Reputation: 2153
Is there a way to delete from a numpy 2d array when I have the indexes? For example:
a = np.random.random((4,5))
idxs = [(0,1), (1,3), (2, 1), (3,4)]
I want to remove the indexes specified above. I tried:
np.delete(a, idxs)
but it just removes the top row.
To give an example, for the following input:
[
[0.15393912, 0.08129568, 0.34958515, 0.21266128, 0.92372852],
[0.42450441, 0.1027468 , 0.13050591, 0.60279229, 0.41168151],
[0.06330729, 0.60704682, 0.5340644 , 0.47580567, 0.42528617],
[0.27122323, 0.42713967, 0.94541073, 0.21462462, 0.07293321]
]
and with the indexes as mentioned above, I want the result to be:
[
[0.15393912, 0.34958515, 0.21266128, 0.92372852],
[0.42450441, 0.1027468 , 0.13050591, 0.41168151],
[0.06330729, 0.5340644 , 0.47580567, 0.42528617],
[0.27122323, 0.42713967, 0.94541073, 0.21462462]
]
Upvotes: 1
Views: 2073
Reputation: 53029
Here is a method using np.where
import numpy as np
import operator as op
a = np.arange(20.0).reshape(4,5)
idxs = [(0,1), (1,3), (2, 1), (3,4)]
m,n = a.shape
# extract column indices
# there are simpler ways but this is fast
columns = np.fromiter(map(op.itemgetter(1),idxs),int,m)
# build decimated array
result = np.where(columns[...,None]>np.arange(n-1),a[...,:-1],a[...,1:])
result
# array([[ 0., 2., 3., 4.],
# [ 5., 6., 7., 9.],
# [10., 12., 13., 14.],
# [15., 16., 17., 18.]])
Upvotes: 0
Reputation: 114330
Numpy doesn't know that you are removing exactly one element per row when you give it arbitrary indices like that. Since you do know that, I would suggest using a mask to shrink the array. Masking has the same problem: it doesn't assume anything about the shape of the result (because it can't in general), and returns a raveled array. You can reinstate the shape you want quite easily though. In fact, I would suggest removing the first element of each index entirely, since you have one per row:
def remove_indices(a, idx):
if len(idx) != len(idx): raise ValueError('Wrong number of indices')
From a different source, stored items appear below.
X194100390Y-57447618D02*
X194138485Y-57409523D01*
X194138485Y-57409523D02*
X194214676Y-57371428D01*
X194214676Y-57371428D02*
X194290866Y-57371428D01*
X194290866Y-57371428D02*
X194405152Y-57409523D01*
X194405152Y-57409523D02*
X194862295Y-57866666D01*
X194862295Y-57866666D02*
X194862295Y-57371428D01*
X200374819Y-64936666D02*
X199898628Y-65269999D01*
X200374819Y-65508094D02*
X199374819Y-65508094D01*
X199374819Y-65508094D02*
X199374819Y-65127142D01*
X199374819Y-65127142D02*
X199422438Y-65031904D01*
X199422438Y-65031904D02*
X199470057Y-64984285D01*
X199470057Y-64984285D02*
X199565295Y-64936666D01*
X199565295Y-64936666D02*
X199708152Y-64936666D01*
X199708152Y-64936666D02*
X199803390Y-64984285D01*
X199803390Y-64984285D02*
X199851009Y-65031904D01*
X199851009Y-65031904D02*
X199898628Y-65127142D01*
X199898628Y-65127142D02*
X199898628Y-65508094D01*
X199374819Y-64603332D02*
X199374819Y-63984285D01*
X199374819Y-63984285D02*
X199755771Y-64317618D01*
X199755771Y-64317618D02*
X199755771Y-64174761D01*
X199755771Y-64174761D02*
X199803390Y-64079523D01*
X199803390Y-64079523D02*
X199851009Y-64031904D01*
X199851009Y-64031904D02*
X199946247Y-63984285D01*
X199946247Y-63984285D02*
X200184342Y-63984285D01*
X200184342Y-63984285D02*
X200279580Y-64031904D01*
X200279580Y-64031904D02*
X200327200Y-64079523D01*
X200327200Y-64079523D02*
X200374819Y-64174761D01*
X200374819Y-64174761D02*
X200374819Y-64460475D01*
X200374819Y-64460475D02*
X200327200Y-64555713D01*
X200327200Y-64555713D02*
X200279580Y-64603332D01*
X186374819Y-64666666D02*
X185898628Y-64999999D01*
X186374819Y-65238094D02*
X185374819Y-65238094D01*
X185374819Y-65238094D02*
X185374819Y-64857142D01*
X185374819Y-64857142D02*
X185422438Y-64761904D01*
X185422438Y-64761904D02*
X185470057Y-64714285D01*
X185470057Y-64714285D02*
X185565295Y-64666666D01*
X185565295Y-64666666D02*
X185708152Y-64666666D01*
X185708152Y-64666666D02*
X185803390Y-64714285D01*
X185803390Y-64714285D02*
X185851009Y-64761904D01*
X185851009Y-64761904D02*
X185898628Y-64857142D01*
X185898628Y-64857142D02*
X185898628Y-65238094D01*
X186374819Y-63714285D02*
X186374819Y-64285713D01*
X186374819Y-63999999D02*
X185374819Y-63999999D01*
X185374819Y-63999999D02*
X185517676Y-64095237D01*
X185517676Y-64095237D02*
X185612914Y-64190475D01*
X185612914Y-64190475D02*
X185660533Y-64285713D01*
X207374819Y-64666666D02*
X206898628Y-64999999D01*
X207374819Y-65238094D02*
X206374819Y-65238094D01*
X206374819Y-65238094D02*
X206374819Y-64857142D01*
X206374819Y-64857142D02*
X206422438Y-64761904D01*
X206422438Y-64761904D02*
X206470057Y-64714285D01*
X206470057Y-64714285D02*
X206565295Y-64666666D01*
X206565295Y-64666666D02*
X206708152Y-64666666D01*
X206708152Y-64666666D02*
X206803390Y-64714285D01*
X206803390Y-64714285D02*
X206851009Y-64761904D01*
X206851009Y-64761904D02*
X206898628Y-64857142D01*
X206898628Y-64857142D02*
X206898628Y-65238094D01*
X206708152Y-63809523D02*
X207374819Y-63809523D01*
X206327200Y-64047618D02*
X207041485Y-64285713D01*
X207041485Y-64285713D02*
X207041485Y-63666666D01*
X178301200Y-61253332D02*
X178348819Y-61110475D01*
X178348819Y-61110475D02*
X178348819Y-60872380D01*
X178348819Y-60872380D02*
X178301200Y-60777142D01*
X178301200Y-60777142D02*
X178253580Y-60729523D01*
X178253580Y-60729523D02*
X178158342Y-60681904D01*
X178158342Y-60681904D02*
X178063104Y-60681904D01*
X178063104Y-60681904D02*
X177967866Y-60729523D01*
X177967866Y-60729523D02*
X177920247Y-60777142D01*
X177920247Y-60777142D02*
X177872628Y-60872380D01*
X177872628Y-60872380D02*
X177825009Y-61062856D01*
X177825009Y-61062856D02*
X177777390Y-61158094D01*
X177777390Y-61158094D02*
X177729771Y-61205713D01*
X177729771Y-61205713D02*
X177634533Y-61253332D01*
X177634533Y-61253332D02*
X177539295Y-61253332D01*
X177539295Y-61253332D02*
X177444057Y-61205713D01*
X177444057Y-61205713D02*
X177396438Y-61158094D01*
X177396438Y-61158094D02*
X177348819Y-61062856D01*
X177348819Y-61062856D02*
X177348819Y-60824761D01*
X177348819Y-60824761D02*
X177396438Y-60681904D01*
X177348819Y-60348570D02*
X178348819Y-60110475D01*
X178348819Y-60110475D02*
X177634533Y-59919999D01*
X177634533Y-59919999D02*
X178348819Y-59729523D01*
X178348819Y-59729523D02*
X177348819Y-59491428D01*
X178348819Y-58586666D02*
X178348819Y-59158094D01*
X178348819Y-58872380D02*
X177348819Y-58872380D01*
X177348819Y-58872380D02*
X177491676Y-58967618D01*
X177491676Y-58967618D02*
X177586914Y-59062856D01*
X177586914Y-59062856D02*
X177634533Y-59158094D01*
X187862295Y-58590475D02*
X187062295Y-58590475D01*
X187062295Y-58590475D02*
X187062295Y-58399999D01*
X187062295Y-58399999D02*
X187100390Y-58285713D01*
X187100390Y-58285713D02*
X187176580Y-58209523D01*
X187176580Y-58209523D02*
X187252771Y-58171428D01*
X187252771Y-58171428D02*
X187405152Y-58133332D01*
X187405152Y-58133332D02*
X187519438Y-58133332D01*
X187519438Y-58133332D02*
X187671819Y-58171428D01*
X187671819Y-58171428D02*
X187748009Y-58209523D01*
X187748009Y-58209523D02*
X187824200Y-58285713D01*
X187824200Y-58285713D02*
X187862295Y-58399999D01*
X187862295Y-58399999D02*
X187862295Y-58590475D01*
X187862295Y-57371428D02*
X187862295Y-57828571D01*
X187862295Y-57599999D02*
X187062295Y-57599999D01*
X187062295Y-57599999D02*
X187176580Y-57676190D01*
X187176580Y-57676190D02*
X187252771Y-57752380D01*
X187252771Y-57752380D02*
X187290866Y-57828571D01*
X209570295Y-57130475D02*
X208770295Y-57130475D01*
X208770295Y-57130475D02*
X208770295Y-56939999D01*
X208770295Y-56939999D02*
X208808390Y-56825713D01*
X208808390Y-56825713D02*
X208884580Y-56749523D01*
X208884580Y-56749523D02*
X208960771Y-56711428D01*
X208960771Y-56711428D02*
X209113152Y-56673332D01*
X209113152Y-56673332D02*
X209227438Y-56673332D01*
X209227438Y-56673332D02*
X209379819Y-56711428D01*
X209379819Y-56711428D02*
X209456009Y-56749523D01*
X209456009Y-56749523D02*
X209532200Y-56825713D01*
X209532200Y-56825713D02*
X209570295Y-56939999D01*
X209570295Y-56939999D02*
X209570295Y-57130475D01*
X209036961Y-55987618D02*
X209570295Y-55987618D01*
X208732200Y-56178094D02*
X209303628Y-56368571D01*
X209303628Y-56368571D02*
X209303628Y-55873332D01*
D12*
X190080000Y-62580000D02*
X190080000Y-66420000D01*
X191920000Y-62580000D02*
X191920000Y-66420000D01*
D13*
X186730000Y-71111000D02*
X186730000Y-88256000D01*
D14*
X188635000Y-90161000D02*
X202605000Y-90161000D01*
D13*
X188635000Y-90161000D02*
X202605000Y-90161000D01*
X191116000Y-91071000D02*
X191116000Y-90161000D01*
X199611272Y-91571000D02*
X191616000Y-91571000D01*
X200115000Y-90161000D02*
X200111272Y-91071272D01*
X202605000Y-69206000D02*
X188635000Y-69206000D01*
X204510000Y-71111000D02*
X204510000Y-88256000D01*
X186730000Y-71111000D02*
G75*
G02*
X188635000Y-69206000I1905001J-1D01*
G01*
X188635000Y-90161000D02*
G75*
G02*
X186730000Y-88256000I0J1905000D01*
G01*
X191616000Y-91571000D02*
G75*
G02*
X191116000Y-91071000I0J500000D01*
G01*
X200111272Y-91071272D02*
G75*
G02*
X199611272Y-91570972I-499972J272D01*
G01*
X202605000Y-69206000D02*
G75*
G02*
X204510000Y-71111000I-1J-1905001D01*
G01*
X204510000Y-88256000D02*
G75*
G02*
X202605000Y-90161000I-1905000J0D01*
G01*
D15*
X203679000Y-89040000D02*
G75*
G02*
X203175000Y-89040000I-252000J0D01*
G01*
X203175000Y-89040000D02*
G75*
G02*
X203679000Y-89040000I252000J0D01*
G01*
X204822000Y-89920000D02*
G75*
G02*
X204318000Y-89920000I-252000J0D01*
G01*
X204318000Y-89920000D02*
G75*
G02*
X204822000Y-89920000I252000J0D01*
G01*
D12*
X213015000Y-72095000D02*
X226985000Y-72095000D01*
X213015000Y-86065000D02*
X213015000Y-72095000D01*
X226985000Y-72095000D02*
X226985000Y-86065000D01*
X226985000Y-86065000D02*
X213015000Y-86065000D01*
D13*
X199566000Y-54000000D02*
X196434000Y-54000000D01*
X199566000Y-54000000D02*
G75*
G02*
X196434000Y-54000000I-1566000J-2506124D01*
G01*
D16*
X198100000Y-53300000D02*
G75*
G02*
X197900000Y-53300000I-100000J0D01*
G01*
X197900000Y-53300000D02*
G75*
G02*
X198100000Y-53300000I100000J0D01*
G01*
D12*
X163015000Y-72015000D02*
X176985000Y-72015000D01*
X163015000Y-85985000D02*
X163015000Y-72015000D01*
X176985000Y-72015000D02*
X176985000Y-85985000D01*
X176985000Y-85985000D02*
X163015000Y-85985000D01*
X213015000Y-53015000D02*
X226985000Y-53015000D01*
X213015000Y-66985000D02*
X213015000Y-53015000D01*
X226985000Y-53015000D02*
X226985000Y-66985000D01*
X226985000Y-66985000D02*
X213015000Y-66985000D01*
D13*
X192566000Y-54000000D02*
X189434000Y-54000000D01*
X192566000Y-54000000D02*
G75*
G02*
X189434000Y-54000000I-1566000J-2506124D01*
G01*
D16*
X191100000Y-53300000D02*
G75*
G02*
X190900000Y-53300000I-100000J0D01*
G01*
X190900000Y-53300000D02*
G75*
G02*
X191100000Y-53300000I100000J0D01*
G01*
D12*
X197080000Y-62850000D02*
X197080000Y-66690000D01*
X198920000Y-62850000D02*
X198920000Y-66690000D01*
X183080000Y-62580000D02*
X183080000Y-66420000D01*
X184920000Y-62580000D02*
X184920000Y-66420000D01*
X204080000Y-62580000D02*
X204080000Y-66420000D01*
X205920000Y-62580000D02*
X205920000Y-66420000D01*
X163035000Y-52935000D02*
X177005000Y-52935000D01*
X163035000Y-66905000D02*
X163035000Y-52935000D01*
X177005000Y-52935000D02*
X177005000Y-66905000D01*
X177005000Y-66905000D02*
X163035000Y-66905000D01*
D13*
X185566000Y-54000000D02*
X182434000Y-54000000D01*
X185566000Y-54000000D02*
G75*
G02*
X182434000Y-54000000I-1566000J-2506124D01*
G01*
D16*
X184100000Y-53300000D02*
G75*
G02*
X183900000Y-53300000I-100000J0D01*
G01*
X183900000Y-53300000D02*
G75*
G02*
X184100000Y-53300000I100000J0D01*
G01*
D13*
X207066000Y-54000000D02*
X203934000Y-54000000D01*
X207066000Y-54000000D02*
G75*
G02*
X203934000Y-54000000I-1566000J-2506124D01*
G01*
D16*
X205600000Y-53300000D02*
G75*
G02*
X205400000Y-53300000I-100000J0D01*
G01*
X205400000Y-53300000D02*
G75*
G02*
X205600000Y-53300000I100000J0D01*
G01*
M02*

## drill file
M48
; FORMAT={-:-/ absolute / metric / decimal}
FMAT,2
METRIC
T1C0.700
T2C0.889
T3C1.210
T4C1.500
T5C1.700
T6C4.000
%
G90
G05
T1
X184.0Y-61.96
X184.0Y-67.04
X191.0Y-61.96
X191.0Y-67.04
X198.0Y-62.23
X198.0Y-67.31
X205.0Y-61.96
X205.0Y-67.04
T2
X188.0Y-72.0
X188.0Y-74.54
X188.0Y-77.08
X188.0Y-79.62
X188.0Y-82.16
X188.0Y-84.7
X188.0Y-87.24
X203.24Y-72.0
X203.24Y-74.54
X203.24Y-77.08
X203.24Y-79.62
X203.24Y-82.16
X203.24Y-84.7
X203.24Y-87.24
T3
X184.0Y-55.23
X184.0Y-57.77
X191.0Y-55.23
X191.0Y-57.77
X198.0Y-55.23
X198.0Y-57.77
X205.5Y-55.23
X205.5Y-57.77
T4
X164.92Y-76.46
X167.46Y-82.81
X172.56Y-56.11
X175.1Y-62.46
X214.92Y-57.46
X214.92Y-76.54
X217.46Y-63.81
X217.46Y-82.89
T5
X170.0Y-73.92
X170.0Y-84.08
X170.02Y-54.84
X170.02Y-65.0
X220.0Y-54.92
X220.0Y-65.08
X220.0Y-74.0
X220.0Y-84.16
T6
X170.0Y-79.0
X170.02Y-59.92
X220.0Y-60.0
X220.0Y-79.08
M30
mask = np.ones(a.size, dtype=np.bool_)
mask[np.arange(len(idx)), idx] = False
return a[mask].reshape(a.shape[0], a.shape[1] - 1)
Upvotes: 0
Reputation: 5451
your index should be for flat array else it only works to remove a row or column.
Here is how you can convert index and use it
arr = np.array([
[0.15393912, 0.08129568, 0.34958515, 0.21266128, 0.92372852],
[0.42450441, 0.1027468 , 0.13050591, 0.60279229, 0.41168151],
[0.06330729, 0.60704682, 0.5340644 , 0.47580567, 0.42528617],
[0.27122323, 0.42713967, 0.94541073, 0.21462462, 0.07293321]
])
idxs = [(0,1), (1,3), (2, 1), (3,4)]
idxs = [i*arr.shape[1]+j for i, j in idxs]
np.delete(arr, idxs).reshape(4,4)
for reshaping you should remove the items such that there will be equal number of items and rows and columns after deletion
Upvotes: 3
Reputation: 5757
As the documentation says
Return a new array with sub-arrays along an axis deleted.
np.delete deletes a row or a column based on the value of the parameter axis.
Secondly np.delete expects int or array of ints as parameter and not a list of tuples.
you need to specify what the requirement is.
As @divakar suggested look at other answers on Stackoverflow regarding deleting individual items in numpy array.